— TANGERANG – Sebanyak 20 perempuan muda dari keluarga prasejahtera di Tangerang, Banten, mendapatkan pelatihan keterampilan yang relevan dengan kebutuhan industri. Inisiatif ini merupakan bagian dari Program LENTERA (Leadership and Empowerment for Women) yang diselenggarakan oleh Yayasan Bulir Padi (YBP) bekerja sama dengan mitra lokal, Yayasan Maleo.

Ketua Yayasan Bulir Padi, Tia Sutresna, menjelaskan bahwa Program LENTERA dirancang sebagai langkah strategis untuk membuka peluang perubahan hidup bagi perempuan muda lulusan SMA/K yang berasal dari keluarga prasejahtera, khususnya di wilayah Banten. Ia menyoroti tantangan yang dihadapi para perempuan muda ini, yakni kombinasi minimnya keterampilan kerja, keterbatasan pendidikan yang selaras dengan kebutuhan pasar, serta kurangnya intervensi yang tepat sasaran.
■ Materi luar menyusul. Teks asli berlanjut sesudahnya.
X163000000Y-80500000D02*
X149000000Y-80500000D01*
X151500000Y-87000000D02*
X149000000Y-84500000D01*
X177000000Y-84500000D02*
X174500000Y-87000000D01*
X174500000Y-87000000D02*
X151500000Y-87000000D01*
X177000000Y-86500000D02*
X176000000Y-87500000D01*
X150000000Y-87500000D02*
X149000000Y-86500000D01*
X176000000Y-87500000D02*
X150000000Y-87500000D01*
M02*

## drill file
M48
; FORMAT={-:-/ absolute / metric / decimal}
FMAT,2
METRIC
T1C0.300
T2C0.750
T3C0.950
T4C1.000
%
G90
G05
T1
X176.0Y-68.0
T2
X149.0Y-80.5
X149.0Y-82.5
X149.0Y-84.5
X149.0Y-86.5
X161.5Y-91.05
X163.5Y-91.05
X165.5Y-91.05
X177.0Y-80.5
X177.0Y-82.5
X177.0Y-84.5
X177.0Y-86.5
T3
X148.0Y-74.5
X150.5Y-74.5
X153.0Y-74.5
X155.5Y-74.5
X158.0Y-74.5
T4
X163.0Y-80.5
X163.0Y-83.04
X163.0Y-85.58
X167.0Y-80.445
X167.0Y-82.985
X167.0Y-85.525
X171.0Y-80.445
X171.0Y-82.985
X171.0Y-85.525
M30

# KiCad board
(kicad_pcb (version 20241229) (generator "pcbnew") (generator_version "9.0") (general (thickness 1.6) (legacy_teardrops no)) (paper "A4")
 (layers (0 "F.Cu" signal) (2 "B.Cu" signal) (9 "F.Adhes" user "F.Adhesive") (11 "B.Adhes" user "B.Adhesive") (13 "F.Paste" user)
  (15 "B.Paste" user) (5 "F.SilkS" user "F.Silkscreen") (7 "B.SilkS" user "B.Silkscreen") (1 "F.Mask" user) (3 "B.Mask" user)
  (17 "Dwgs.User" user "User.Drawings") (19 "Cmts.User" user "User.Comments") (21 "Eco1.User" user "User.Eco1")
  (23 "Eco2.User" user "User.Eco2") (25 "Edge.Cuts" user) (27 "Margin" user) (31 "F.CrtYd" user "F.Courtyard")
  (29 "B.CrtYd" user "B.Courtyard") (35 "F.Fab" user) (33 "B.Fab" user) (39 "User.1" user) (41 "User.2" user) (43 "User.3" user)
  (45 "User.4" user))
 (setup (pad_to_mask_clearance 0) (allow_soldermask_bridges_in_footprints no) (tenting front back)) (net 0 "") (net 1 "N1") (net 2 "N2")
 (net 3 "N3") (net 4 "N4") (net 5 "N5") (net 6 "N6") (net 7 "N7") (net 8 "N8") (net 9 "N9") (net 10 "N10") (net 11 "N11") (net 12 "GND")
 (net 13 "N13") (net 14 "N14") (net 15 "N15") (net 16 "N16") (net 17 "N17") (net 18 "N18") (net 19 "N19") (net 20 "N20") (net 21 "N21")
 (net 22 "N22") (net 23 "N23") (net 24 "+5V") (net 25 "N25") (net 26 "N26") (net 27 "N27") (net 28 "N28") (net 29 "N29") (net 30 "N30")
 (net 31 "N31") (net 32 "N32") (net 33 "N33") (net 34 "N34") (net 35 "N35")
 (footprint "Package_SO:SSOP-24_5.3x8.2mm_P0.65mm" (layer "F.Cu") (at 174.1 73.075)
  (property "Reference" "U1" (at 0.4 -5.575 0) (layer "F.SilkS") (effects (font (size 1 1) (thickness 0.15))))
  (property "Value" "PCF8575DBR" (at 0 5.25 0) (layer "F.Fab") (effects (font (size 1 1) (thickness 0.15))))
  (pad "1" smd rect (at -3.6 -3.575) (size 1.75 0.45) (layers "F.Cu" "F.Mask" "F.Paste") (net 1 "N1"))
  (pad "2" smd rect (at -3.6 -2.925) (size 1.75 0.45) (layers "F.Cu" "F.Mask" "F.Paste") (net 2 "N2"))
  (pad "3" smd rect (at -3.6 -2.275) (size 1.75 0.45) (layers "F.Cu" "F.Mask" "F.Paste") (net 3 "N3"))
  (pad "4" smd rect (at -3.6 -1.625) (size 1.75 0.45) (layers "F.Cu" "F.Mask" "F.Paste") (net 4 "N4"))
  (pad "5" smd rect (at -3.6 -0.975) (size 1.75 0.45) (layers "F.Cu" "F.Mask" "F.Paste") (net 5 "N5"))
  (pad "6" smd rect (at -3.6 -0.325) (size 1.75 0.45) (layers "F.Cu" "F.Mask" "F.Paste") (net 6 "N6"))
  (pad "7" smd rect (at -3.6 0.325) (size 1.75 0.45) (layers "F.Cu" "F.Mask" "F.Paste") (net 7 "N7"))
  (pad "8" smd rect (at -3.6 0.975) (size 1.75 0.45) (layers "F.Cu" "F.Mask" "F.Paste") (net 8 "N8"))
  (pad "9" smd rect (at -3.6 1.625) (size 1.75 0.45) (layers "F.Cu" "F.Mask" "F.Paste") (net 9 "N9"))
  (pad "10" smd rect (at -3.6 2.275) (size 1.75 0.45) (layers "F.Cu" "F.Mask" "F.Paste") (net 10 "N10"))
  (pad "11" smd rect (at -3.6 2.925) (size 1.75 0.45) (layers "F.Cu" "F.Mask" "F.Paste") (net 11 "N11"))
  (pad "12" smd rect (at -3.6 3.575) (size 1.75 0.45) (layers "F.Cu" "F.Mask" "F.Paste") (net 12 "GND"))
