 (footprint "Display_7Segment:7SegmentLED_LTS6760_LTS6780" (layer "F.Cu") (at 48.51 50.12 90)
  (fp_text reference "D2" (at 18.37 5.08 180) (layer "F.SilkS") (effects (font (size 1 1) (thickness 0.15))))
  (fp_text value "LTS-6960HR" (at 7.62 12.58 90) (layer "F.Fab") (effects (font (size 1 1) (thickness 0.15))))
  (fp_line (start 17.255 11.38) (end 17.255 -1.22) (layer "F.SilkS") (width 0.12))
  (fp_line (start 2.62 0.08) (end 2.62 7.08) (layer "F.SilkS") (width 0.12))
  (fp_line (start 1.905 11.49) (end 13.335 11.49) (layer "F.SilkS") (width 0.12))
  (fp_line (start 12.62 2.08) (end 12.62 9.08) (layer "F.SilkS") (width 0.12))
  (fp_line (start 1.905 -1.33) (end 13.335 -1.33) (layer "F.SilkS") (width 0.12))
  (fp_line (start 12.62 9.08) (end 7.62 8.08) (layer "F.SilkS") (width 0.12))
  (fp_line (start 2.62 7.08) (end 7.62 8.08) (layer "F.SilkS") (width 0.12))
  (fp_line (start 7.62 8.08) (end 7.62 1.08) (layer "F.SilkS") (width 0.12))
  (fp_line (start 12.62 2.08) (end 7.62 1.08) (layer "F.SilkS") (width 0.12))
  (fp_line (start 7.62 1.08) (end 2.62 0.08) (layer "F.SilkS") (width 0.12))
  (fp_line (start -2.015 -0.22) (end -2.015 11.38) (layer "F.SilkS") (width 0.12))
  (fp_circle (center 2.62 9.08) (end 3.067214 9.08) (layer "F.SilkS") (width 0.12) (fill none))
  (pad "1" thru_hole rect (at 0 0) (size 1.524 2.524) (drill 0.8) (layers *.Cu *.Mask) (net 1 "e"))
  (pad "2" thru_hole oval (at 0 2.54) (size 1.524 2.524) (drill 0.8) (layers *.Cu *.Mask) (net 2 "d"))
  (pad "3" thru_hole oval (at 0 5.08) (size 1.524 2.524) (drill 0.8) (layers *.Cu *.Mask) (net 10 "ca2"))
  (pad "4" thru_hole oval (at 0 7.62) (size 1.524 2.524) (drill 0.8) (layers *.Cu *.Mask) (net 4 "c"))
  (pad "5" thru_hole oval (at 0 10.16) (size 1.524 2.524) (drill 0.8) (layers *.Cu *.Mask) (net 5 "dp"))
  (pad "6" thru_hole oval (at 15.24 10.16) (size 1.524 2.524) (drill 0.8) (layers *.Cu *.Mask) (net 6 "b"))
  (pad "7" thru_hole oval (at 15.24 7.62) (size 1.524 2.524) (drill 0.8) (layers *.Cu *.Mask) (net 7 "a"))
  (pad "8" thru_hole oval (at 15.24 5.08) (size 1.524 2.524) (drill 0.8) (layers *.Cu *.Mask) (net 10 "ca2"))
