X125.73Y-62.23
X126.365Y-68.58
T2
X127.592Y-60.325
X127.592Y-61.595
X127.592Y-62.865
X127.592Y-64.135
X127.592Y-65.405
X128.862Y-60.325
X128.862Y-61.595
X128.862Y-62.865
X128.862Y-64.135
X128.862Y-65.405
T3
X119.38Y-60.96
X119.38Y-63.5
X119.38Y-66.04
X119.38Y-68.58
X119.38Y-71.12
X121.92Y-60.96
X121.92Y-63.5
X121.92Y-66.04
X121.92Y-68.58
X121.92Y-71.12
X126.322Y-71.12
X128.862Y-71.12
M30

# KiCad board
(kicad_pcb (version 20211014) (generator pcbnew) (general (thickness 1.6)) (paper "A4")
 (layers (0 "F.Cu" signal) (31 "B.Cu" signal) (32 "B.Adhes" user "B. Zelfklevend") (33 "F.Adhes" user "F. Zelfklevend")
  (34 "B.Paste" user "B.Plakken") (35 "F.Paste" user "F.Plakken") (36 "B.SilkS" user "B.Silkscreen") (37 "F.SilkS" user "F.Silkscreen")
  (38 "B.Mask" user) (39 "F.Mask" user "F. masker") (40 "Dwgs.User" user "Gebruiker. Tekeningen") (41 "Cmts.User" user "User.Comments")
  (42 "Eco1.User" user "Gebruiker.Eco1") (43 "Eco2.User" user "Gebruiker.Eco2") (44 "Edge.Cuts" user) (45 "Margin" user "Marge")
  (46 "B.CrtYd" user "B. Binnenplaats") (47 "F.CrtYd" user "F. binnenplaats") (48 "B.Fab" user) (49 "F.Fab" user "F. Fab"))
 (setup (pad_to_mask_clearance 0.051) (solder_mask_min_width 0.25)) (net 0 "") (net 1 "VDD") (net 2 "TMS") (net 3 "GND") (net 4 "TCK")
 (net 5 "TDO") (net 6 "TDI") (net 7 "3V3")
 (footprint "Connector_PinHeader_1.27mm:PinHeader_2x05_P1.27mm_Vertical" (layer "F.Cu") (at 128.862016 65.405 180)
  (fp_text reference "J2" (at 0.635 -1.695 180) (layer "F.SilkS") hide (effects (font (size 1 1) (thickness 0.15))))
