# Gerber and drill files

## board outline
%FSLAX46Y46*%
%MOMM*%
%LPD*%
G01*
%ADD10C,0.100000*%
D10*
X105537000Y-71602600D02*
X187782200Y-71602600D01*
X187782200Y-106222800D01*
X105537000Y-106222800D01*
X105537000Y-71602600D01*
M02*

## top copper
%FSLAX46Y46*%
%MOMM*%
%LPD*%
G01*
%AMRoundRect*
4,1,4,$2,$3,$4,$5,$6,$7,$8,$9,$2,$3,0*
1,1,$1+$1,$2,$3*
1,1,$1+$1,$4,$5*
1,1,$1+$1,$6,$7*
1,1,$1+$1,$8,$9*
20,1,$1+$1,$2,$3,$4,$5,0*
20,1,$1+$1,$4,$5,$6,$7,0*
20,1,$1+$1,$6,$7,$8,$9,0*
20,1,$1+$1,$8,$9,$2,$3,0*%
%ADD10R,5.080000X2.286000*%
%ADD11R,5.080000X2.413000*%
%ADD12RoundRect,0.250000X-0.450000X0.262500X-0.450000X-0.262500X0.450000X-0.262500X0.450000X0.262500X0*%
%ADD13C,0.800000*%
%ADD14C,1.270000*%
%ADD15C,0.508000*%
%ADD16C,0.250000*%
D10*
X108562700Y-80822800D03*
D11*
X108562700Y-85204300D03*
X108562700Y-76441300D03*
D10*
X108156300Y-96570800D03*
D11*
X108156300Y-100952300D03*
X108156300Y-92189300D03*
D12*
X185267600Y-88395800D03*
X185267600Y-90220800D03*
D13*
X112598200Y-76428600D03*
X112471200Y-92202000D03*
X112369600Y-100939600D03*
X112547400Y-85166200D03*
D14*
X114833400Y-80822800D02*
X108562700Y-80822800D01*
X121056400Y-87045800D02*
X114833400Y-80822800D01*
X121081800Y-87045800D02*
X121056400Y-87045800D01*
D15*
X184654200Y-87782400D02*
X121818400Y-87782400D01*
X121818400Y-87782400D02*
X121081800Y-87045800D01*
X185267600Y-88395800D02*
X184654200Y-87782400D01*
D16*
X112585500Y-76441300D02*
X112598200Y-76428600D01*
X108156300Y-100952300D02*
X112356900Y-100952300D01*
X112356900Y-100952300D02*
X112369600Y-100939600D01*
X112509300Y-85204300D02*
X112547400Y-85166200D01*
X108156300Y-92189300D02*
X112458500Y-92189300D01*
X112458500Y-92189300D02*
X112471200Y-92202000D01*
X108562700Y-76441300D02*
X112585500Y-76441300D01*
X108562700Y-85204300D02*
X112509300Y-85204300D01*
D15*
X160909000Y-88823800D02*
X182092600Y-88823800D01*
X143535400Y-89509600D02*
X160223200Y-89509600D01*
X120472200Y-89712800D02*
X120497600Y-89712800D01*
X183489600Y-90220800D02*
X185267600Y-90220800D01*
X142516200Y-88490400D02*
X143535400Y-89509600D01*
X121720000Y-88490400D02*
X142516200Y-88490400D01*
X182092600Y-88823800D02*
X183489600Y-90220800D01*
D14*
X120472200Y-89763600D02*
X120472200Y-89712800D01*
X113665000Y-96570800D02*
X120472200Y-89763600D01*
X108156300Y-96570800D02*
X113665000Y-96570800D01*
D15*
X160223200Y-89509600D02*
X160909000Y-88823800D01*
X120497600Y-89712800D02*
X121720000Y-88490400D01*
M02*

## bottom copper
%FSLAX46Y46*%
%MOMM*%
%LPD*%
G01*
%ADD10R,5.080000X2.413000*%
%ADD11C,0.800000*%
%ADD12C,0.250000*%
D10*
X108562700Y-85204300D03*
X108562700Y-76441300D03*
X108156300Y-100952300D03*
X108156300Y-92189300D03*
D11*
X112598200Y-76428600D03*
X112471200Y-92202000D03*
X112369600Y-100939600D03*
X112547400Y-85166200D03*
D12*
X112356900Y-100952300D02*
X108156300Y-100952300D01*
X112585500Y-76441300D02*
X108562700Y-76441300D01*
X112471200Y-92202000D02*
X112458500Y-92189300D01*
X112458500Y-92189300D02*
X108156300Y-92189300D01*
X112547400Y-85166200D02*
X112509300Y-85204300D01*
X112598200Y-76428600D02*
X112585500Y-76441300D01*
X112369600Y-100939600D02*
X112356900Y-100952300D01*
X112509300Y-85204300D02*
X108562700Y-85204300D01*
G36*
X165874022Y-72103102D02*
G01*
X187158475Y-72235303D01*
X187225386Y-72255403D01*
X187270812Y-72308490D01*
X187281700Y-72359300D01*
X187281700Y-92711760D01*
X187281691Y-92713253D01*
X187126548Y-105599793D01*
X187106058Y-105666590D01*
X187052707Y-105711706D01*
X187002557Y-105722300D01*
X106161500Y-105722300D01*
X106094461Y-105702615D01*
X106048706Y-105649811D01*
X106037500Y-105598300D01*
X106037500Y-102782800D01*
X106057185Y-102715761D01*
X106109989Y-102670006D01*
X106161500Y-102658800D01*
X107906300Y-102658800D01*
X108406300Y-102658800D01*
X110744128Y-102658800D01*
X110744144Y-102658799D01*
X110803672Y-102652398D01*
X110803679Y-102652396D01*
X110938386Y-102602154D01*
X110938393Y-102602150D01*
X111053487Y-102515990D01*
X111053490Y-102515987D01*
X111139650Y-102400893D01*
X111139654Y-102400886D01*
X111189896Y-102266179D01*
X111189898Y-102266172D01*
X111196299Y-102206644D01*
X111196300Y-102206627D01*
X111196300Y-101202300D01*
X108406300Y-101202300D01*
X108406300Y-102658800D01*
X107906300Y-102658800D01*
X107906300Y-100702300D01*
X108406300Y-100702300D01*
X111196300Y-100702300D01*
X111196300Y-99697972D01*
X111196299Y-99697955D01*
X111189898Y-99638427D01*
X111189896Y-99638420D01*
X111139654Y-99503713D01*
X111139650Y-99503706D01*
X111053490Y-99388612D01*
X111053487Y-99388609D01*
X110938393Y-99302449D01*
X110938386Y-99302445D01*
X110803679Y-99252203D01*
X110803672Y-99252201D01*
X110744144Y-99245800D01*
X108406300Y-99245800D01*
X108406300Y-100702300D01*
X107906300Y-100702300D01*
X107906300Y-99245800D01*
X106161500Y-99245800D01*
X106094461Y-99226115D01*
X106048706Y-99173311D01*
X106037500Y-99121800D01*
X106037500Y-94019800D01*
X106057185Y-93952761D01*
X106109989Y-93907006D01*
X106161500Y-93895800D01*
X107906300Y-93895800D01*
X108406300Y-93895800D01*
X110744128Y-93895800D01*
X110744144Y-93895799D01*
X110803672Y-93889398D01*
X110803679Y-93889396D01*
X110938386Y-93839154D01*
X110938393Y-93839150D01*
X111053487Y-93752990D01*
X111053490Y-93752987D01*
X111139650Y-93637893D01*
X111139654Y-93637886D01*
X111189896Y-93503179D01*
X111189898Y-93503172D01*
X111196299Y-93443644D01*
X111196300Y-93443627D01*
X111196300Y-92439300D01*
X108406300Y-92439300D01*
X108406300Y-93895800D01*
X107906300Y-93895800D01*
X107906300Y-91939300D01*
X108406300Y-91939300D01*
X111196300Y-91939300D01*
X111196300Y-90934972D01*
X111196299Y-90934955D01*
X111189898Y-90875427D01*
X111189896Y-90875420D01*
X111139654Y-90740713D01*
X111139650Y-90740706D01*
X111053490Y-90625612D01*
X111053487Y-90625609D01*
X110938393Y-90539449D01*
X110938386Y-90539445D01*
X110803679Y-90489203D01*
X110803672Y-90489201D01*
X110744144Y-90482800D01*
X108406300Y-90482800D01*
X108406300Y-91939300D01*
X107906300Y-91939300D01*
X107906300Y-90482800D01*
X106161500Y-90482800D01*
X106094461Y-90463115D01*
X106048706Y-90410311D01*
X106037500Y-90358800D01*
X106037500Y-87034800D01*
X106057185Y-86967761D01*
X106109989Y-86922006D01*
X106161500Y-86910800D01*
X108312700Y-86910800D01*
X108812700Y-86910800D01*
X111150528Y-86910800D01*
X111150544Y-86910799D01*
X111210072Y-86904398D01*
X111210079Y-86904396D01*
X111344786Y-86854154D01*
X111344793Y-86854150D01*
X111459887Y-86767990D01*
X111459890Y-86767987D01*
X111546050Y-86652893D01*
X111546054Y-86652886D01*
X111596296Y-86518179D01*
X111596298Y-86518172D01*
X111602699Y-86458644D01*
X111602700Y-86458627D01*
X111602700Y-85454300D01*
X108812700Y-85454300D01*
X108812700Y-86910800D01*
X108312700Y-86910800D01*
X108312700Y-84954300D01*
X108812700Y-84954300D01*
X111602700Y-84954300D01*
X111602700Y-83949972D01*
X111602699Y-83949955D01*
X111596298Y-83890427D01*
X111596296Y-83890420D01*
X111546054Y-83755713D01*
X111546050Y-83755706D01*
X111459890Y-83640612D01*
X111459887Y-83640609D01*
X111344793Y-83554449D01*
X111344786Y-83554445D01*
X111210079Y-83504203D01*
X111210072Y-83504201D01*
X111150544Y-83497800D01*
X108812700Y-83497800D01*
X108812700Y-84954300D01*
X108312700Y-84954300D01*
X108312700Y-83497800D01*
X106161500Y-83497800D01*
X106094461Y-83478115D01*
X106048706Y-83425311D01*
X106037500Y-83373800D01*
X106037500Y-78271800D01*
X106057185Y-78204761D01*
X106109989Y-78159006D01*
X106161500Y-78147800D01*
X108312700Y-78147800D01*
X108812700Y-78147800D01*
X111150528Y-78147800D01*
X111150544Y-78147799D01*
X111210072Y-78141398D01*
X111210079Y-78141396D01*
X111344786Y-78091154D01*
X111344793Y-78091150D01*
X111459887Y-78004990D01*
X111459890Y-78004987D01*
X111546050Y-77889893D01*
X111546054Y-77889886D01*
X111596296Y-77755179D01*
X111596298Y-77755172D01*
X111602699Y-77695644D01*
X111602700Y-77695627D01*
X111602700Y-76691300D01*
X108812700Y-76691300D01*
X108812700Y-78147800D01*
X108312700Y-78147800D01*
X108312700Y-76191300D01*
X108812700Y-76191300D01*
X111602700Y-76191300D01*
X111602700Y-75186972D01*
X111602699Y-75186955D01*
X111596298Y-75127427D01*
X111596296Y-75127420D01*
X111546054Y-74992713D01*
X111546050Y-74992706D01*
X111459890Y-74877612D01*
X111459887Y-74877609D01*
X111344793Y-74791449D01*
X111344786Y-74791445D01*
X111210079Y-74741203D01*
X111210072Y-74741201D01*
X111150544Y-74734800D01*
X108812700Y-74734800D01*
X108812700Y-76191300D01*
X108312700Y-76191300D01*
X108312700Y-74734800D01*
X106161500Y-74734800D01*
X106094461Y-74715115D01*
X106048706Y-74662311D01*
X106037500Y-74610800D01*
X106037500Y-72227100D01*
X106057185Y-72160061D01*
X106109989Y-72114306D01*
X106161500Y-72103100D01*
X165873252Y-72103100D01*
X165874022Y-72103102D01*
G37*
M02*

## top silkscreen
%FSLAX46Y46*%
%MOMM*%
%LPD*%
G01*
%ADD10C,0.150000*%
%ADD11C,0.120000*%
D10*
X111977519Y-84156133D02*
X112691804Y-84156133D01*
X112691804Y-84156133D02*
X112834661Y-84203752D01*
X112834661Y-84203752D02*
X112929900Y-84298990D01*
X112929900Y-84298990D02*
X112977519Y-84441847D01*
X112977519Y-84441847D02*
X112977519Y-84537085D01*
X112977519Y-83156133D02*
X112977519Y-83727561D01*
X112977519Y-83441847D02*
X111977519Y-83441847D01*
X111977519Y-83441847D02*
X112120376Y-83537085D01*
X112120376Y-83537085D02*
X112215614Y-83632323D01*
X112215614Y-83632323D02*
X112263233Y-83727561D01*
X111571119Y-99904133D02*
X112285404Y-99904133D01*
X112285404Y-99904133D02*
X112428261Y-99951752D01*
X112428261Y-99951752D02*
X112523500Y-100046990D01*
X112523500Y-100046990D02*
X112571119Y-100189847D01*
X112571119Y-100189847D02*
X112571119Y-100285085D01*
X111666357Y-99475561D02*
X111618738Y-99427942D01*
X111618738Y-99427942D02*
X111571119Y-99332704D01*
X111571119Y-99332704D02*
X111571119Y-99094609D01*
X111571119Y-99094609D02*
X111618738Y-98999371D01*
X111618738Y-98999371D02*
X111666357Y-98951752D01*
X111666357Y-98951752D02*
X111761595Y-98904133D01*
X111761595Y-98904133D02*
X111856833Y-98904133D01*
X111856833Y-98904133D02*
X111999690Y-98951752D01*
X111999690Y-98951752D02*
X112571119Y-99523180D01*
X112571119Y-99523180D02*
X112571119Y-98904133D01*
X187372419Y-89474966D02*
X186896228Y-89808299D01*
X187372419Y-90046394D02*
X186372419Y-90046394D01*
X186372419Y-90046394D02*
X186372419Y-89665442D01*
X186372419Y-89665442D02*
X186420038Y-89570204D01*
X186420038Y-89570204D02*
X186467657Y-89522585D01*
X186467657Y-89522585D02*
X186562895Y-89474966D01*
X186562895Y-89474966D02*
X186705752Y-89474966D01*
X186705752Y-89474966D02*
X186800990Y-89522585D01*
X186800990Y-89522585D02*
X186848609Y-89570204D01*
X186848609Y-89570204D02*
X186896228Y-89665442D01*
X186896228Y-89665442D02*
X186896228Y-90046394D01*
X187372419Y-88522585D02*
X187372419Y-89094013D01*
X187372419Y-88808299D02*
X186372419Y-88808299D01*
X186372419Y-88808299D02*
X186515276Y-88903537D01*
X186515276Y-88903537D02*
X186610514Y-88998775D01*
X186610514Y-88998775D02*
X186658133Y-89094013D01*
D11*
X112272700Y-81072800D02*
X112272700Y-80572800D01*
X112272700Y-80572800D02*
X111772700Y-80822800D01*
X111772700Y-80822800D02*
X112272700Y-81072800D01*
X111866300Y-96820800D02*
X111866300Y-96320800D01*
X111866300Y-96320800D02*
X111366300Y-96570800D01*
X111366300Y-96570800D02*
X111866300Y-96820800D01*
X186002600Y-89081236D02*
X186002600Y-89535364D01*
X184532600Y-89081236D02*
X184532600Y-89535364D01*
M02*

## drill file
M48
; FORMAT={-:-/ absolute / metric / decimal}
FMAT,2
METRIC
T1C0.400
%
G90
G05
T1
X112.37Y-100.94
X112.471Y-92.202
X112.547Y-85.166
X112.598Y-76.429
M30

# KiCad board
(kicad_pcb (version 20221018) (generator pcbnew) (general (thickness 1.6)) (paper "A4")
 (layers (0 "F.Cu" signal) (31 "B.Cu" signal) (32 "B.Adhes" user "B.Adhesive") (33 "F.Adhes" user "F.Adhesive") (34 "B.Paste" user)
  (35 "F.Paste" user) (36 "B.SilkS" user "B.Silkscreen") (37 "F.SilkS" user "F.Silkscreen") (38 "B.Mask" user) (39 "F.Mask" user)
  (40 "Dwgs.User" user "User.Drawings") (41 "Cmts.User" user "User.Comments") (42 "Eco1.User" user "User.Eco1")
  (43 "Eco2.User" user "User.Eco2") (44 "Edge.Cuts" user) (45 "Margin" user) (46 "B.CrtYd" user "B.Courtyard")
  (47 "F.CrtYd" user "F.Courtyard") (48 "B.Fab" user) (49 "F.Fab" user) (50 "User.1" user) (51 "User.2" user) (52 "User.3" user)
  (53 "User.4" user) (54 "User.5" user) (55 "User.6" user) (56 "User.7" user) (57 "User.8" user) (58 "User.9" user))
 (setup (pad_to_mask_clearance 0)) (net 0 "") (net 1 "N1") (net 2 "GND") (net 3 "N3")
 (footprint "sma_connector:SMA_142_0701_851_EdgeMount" (layer "F.Cu") (at 108.5627 80.8228 180)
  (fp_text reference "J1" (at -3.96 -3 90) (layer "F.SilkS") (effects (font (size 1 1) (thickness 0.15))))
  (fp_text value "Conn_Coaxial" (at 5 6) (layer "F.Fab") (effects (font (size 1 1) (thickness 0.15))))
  (fp_line (start -3.71 -0.25) (end -3.71 0.25) (stroke (width 0.12) (type solid)) (layer "F.SilkS"))
  (fp_line (start -3.71 0.25) (end -3.21 0) (stroke (width 0.12) (type solid)) (layer "F.SilkS"))
  (fp_line (start -3.21 0) (end -3.71 -0.25) (stroke (width 0.12) (type solid)) (layer "F.SilkS"))
  (pad "1" smd rect (at 0 0 270) (size 2.286 5.08) (layers "F.Cu" "F.Paste" "F.Mask") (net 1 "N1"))
  (pad "2" smd rect (at 0 -4.3815 270) (size 2.413 5.08) (layers "F.Cu" "F.Paste" "F.Mask") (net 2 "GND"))
  (pad "2" smd rect (at 0 -4.3815 270) (size 2.413 5.08) (layers "B.Cu" "B.Paste" "B.Mask") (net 2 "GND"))
  (pad "2" smd rect (at 0 4.3815 270) (size 2.413 5.08) (layers "F.Cu" "F.Paste" "F.Mask") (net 2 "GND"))
  (pad "2" smd rect (at 0 4.3815 270) (size 2.413 5.08) (layers "B.Cu" "B.Paste" "B.Mask") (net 2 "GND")))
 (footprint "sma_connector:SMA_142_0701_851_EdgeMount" (layer "F.Cu") (at 108.1563 96.5708 180)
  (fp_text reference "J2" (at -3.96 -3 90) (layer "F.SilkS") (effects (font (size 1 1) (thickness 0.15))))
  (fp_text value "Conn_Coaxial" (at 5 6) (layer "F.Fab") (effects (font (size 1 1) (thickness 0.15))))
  (fp_line (start -3.71 -0.25) (end -3.71 0.25) (stroke (width 0.12) (type solid)) (layer "F.SilkS"))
“Sejalan dengan misi dan visi YBP, Program LENTERA tidak hanya diharapkan akan melahirkan perempuan muda yang memiliki keterampilan dan berdaya, namun juga menjadi agen perubahan bagi keluarga dan komunitasnya, untuk menjadi bagian yang positif dan produktif dari masyarakat,” ujar Tia Sutresna.

Pelatihan perdana ini bertepatan dengan perayaan Hari Keterampilan Pemuda Sedunia. Program LENTERA mencakup berbagai modul penting, termasuk Teknologi Informasi dan Komunikasi (TIK), pelatihan soft skill, literasi digital, pelatihan vokasi, serta pendampingan siap kerja. Selain itu, peserta juga mendapatkan webinar informasi seputar industri dan sesi dukungan keluarga. Dukungan finansial untuk pelatihan TIK dalam program ini diberikan oleh PT Tigaraksa Satria Tbk.

Melalui program ini, para penerima manfaat diharapkan memperoleh keterampilan berbasis industri dan akses informasi dunia kerja yang lebih merata. Desain program ini bertujuan untuk meningkatkan kepercayaan diri dan kesiapan kerja peserta, sehingga mereka dapat tumbuh menjadi individu yang produktif dan mandiri secara ekonomi. Pendekatan yang menyeluruh ini menekankan bahwa kesiapan kerja tidak hanya mencakup keterampilan teknis, tetapi juga kepercayaan diri dan dukungan dari lingkungan terdekat.

Turunkan Angka Pengangguran di Banten

Program LENTERA hadir sebagai respons terhadap tantangan ketenagakerjaan yang signifikan di Banten. Data Badan Pusat Statistik (BPS) per Agustus 2025 menunjukkan Tingkat Pengangguran Terbuka (TPT) Banten untuk usia 15 tahun ke atas sebesar 6,69%, menempatkannya di posisi keempat di Indonesia. Angka pengangguran perempuan tercatat 7,12%, lebih tinggi dibandingkan laki-laki (6,45%). Tingkat pengangguran tertinggi ditemukan pada jenjang SMK, mencapai 10,13%, mengindikasikan bahwa tenaga kerja perempuan lulusan SMK kurang terserap dibandingkan laki-laki.

Kondisi ini juga tercermin dari tingginya angka NEET (Not in Employment, Education, and Training) di Banten yang mencapai 23,79%, berada di peringkat sepuluh nasional. Persentase perempuan muda yang tidak bekerja maupun tidak menempuh pendidikan mencapai 36,76%, hampir dua kali lipat lebih tinggi dibandingkan laki-laki (19,41%). Tingginya angka NEET ini berkontribusi pada tingginya pengangguran perempuan di Banten, yang erat kaitannya dengan kemiskinan.

Yayasan Bulir Padi dan Yayasan Maleo secara spesifik menyasar perempuan muda lulusan SMK dari keluarga prasejahtera di Banten untuk memutus siklus kemiskinan antargenerasi dan kesenjangan struktural. Kemitraan strategis ini bertujuan menyediakan ruang aman bagi perempuan muda untuk berdiskusi, mengembangkan potensi, serta membangun jaringan pertemanan positif yang mendukung perkembangan diri mereka.

Melalui Program LENTERA, YBP berupaya memastikan kaum muda perempuan memiliki akses yang setara terhadap pengetahuan, peluang belajar, dan keterampilan masa depan. Hal ini diharapkan dapat membantu mereka membuat pilihan hidup yang lebih mandiri dan berdaya. Program LENTERA juga menandai perluasan komitmen YBP untuk memberdayakan anak muda prasejahtera ke wilayah baru di luar Jakarta, melanjutkan perjalanan lebih dari dua dekade dalam melayani komunitas.